To summarize, you can set a default column value as part of the ALTER TABLE...ADD COLUMN operation. For materializing columns, the default value should reference the key name of the virtual column (as in "user.lang"). Subsequently loading data with a COPY value expression overrides the default value of the column definition.

Changing the __raw__ column size

You can change the default size of the __raw__ column for flex tables you plan to create, the current size of an existing flex table, or both.

To change the default size for the __raw__ column in new flex tables, set the FlexTableRawSize configuration parameter:

=> ALTER DATABASE DEFAULT SET FlexTableRawSize = 120000;

Changing the configuration parameter affects all flex tables you create after making this change.

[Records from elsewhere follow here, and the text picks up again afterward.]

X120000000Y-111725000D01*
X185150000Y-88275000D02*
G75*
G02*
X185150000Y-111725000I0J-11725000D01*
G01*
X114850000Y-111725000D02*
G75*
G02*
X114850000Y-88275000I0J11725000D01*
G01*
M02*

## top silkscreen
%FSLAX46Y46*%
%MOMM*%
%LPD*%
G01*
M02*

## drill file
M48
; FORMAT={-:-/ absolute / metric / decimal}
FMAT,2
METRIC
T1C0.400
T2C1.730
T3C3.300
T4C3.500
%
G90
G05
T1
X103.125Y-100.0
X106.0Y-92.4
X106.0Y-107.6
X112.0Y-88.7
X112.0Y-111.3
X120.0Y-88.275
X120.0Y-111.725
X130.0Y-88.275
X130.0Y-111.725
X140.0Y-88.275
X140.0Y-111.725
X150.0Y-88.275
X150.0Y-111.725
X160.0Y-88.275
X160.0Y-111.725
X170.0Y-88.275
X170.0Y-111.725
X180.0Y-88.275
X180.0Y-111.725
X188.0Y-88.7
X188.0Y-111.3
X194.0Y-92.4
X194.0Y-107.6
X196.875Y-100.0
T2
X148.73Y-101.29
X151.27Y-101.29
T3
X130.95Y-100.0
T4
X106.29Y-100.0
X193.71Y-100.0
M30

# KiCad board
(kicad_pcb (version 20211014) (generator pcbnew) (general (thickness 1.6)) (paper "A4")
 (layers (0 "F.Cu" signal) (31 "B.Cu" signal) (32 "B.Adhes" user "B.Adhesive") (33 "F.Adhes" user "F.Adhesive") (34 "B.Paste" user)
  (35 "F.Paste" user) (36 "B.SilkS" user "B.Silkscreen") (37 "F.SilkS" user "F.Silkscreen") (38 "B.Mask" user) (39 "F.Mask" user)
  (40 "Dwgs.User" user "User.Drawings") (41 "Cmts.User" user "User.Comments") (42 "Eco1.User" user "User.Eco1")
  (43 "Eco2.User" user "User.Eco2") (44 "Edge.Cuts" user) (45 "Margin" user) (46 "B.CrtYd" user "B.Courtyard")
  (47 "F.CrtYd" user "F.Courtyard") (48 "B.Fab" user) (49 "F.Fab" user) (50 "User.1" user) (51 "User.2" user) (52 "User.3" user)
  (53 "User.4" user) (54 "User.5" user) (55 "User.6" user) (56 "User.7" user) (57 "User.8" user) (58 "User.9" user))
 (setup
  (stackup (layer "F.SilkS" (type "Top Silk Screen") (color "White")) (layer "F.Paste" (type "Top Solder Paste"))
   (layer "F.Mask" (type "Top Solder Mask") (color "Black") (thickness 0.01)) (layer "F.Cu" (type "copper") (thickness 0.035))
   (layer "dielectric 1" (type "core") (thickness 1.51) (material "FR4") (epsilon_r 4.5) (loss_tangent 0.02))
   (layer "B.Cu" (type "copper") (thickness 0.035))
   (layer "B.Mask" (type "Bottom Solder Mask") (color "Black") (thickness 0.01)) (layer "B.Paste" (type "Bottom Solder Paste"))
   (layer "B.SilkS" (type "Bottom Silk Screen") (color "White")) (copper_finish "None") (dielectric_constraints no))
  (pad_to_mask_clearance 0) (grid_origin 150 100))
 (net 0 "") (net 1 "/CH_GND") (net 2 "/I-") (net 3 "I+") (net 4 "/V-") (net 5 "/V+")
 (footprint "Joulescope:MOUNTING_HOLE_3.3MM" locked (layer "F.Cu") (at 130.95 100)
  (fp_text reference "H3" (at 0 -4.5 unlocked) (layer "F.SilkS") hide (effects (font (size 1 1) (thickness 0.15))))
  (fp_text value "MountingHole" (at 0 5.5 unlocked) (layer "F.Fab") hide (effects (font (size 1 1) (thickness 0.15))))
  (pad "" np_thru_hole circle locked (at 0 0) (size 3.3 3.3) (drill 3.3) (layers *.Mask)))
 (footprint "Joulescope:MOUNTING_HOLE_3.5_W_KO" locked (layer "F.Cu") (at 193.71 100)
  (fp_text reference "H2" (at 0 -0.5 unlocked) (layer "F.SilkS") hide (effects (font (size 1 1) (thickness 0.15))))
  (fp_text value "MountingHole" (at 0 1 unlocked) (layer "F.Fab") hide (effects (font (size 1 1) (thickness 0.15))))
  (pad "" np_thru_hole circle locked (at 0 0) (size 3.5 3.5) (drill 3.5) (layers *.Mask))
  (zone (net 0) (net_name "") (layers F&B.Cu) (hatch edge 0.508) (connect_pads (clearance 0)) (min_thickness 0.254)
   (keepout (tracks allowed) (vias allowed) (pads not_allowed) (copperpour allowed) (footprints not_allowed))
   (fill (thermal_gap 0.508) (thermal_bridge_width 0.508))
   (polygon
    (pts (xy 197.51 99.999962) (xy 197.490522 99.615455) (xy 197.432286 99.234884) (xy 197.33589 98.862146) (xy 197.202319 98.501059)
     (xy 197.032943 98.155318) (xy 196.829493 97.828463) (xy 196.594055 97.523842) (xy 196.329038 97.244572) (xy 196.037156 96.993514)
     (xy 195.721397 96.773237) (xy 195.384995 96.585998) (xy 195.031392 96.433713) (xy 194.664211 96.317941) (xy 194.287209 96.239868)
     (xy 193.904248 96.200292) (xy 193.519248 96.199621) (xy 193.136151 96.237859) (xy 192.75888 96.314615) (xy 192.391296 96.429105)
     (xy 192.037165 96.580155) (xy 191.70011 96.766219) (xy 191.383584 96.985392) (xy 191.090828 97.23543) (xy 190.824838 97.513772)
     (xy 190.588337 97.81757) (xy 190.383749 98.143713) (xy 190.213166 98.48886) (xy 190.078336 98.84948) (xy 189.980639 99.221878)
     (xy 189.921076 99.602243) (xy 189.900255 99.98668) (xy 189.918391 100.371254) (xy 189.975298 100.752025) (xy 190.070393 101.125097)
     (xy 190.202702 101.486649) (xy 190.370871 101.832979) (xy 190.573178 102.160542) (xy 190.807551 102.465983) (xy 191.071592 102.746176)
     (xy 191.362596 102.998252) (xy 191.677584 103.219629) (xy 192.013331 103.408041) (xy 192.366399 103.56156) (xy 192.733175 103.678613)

To change the size of the _raw_ column in an existing flex table, use the ALTER TABLE statement to change the definition of the __raw__ column:


=> ALTER TABLE tester ALTER COLUMN __raw__ SET DATA TYPE LONG VARBINARY(120000);
ALTER TABLE

Changing flex table real columns

You can make the following changes to the flex table real columns (__raw__ and __identity__), but not to any virtual columns:

Actions raw identity
Change NOT NULL constraints (default) Yes Yes
Add primary key and foreign key (PK/FK) constraints No Yes
Create projections No Yes
Segment No Yes
Partition No Yes
Specify a user-defined scalar function (UDSF) as a default column expression in ALTER TABLE x ADD COLUMN y statement No No

Dropping flex table columns

There are two considerations about dropping columns:

  • You cannot drop the last column in your flex table's sort order.

  • If you have not created a flex table with any real columns, or materialized any columns, you cannot drop the __identity__ column.

Updating flex table views

Adding new columns to a flex table that has an associated view does not update the view's result set, even if the view uses a wildcard (*) to represent all table columns. To incorporate new columns, you must re-create the view.